Hacker News new | ask | show | jobs
by iJohnDoe 647 days ago
The analogies used in this article were a bit weird.

Two things I’ve always wondered since I’m not an expert.

1. Obviously, applications must be written to run effectively to distribute the load across the supercomputer. I wonder how often this prevents useful things from being considered to run on the supercomputer.

2. It always seems like getting access to run anything on the supercomputer is very competitive or even artificially limited? A shame this isn’t open to more people. That much processing resources seems like it should go much further to be utilized for more things.

2 comments

My former employer (Pachyderm) was acquired by HPE, who built Frontier (and sells supercomputers in general), and I’ve learned a lot about that area since the acquisition.

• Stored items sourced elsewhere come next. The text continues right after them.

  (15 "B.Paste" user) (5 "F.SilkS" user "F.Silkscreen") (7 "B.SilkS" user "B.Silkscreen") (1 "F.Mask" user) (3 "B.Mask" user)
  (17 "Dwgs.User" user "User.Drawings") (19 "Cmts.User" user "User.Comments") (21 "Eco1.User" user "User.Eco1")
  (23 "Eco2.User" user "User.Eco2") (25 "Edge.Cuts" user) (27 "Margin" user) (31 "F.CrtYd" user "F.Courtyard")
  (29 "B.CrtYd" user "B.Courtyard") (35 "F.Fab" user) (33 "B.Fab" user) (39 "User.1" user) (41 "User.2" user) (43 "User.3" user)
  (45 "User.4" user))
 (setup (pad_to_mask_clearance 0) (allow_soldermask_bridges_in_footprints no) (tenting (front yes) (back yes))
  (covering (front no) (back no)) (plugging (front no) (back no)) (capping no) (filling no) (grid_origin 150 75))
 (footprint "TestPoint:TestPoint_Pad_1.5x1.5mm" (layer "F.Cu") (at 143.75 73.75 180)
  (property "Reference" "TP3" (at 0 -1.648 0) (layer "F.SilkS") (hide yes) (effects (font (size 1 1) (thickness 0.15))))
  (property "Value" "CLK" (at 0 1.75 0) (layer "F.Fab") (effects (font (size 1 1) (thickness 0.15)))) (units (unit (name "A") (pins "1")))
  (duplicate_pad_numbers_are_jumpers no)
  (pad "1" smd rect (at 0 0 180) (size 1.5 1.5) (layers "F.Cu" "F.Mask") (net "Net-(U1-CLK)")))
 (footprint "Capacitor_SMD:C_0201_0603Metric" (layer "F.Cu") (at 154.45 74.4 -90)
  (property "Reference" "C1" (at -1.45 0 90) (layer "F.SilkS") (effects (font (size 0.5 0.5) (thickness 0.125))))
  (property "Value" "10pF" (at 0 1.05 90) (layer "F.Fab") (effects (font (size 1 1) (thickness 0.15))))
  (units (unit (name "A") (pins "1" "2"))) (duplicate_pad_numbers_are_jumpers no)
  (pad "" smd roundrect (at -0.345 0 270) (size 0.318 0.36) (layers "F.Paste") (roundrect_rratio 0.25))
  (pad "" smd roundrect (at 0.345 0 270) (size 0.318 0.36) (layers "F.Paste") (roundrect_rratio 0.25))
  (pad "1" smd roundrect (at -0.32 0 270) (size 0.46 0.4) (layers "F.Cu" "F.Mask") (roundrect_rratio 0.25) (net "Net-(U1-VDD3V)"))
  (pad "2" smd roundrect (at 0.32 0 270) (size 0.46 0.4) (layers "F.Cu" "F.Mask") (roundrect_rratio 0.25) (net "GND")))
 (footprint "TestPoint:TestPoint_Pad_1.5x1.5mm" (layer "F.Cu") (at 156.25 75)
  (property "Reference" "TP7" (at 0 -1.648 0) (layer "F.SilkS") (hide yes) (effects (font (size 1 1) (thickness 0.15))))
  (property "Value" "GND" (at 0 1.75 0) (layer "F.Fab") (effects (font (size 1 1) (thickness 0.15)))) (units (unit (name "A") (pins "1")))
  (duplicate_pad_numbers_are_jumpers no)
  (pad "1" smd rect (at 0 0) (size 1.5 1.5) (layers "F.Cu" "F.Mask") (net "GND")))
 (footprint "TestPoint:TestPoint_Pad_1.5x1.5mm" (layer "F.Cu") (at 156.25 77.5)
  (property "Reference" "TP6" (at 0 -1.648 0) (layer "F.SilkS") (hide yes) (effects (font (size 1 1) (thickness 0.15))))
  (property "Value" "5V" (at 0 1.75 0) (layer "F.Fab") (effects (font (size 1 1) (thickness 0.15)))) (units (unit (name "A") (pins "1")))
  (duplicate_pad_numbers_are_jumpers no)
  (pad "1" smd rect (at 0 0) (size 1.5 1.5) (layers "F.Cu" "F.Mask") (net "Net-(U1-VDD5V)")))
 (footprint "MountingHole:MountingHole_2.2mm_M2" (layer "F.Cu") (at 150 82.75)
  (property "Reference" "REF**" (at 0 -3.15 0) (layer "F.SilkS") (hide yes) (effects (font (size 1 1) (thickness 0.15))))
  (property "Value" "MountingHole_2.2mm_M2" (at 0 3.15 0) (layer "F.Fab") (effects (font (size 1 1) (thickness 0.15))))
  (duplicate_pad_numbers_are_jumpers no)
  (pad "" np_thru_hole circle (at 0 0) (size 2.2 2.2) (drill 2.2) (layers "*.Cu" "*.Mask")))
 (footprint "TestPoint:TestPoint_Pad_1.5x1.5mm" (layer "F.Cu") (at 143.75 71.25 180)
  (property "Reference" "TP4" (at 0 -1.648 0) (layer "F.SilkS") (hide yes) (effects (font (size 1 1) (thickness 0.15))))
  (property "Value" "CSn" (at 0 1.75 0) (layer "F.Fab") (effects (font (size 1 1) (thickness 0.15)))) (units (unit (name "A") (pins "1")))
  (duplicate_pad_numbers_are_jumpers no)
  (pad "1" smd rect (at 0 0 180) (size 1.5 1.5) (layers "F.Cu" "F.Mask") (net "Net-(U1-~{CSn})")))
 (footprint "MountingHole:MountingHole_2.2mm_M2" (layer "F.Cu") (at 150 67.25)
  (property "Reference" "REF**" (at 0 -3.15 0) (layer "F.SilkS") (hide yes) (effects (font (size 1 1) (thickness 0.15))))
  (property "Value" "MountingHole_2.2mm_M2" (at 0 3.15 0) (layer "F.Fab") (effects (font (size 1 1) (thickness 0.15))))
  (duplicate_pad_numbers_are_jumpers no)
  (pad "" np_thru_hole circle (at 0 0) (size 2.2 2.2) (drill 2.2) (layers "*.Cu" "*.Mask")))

One of the main differences between supercomputers and eg a datacenter is that in the former case, application authors do not, as a rule, assume hardware or network issues and engineer around them. A typical supercomputer workload will fail overall if any one of its hundreds or thousands of workers fail. This assumption greatly simplifies the work of writing such software, as error handling is typically one of the biggest, if not the biggest, sources of complexity a distributed system. It makes engineering the hardware much harder, of course, but that’s how HPE makes money.

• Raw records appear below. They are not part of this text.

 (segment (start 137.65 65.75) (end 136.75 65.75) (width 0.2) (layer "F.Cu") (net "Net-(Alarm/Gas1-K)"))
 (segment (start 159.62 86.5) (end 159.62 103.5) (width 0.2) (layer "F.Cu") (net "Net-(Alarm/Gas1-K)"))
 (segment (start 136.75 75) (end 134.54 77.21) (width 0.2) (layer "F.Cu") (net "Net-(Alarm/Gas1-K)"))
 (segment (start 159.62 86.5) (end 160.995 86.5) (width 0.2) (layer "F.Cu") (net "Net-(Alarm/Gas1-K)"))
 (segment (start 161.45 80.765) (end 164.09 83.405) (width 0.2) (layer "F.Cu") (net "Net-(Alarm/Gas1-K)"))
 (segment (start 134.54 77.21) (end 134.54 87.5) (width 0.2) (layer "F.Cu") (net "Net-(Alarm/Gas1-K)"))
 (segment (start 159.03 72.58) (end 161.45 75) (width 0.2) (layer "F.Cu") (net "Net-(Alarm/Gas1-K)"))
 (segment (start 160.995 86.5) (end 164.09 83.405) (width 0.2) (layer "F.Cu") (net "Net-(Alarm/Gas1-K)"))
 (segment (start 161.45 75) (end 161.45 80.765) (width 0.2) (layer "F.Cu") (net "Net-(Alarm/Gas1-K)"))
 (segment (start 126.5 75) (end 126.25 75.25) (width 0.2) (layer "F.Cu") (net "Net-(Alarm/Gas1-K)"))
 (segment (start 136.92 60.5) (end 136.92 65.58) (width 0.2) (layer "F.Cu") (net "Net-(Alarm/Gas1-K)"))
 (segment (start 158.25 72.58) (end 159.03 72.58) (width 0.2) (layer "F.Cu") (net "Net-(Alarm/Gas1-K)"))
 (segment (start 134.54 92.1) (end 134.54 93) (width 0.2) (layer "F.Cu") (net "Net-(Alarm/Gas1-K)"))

A second difference is that RDMA (Remote Direct Memory Access—the ability for one computer to access another computer’s memory without going through its CPU. The network card can access memory directly) is standard. This removes all the complexity of an RPC framework from supercomputer workloads. Also, the L1 protocol used has orders of magnitude lower latency than Ethernet, such that it’s often faster to read memory on a remote machine than do any kind of local caching.

The result is that the frameworks for writing these workloads let you more or less call an arbitrary function, run it on a neighbor, and collect the result in roughly the same amount of time it would’ve taken to run it locally.

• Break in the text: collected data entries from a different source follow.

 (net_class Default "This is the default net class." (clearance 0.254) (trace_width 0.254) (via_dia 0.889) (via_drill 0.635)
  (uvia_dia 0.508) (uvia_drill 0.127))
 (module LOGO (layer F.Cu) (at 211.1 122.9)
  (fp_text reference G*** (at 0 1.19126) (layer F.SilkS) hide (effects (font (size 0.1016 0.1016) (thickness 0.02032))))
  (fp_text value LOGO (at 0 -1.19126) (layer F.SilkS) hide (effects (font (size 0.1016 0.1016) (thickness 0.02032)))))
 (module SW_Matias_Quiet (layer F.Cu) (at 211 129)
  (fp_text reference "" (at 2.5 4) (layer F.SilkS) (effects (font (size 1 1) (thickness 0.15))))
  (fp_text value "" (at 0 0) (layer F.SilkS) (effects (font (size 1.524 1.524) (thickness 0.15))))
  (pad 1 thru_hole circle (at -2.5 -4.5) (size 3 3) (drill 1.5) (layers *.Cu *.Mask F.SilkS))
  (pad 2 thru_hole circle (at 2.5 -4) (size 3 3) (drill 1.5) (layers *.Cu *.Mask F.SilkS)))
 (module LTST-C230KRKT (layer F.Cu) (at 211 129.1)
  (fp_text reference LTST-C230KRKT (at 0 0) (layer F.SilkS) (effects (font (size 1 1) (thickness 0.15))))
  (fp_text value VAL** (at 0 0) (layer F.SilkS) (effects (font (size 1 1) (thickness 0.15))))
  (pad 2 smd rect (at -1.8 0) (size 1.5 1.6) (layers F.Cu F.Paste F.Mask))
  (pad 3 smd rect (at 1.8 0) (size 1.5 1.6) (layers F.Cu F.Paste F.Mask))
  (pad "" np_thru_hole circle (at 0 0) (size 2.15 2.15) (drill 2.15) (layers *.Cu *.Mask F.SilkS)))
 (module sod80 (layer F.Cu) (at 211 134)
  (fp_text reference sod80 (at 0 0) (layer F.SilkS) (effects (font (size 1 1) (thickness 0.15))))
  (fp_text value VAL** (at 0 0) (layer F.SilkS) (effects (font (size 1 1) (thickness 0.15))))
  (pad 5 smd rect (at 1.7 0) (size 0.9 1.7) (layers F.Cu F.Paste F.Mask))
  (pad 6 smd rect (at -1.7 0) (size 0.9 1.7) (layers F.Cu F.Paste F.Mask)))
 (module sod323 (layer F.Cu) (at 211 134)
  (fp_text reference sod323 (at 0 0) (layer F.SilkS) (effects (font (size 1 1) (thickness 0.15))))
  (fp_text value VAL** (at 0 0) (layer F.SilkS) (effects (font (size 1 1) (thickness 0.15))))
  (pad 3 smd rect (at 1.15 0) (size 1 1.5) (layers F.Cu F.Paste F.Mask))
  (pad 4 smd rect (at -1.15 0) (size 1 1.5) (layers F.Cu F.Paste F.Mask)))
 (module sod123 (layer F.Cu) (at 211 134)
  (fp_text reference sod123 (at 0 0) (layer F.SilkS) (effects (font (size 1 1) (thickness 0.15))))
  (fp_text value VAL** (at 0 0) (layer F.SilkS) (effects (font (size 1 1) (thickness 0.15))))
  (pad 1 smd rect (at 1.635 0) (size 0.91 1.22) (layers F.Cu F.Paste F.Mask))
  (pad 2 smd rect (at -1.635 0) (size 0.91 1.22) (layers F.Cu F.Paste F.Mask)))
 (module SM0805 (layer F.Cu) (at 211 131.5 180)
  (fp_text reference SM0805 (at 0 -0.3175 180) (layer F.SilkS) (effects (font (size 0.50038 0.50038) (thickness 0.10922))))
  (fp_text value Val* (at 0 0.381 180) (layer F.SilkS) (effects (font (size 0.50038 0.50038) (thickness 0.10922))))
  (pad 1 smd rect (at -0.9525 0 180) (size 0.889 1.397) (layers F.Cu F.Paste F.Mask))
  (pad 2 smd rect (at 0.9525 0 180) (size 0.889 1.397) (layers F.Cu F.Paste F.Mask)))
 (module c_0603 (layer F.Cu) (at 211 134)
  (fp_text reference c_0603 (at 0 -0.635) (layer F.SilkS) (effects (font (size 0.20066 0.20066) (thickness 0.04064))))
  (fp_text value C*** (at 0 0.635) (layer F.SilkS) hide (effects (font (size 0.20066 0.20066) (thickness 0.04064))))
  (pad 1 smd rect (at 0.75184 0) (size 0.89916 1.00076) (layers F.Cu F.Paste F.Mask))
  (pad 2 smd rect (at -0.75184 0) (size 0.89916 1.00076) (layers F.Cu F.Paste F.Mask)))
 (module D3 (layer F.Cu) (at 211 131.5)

> A typical supercomputer workload will fail overall if any one of its hundreds or thousands of workers fail.

HPC applications were driving software checkpointing. If a job runs for days, it's not all that unlikely that one of hundreds of machines fails. Simultaneously, re-running a large job, is fairly costly on such a system.

Now, while that exists, I don't know how typical this is actually used. In my own, very limited, experience, it wasn't and job-failures due to hardware failure were rare. But then, the cluster(s) I tended to were much smaller, up to some 100 nodes each.

I wouldn’t be surprised if the nice guarantees given by scientific supercomputers came from the time when mainframes were the only game in town for scientific computing.
I feel like the name "supercomputer" is overhyped. It's just many normal x86 machines running Linux and connected with fast network.

Here in Finland I think you can use LUMI supercomputer for free. With a condition that the results should be publically available

I think you've used the "just" trap to trivialize something.

I'm surprised that Frontier is free with the same conditions; I expected researchers to need grant money or whatever to fund their time. Neat.

In the beginning they were just “Beowulf clusters” compared to “real” supercomputers. Isn’t it always like this, the romantic and exceptional is absorbed by the sheer scale of the practical and common once someone discovers a way to drive the economy at scale? Cars, aircraft, long-distance communications, now perhaps AI? Yet the words may still capture the early romance.
FYI: LUMI uses a nearly identical architecture as Frontier (AMD CPUs and GPUs), and was also made by HPE.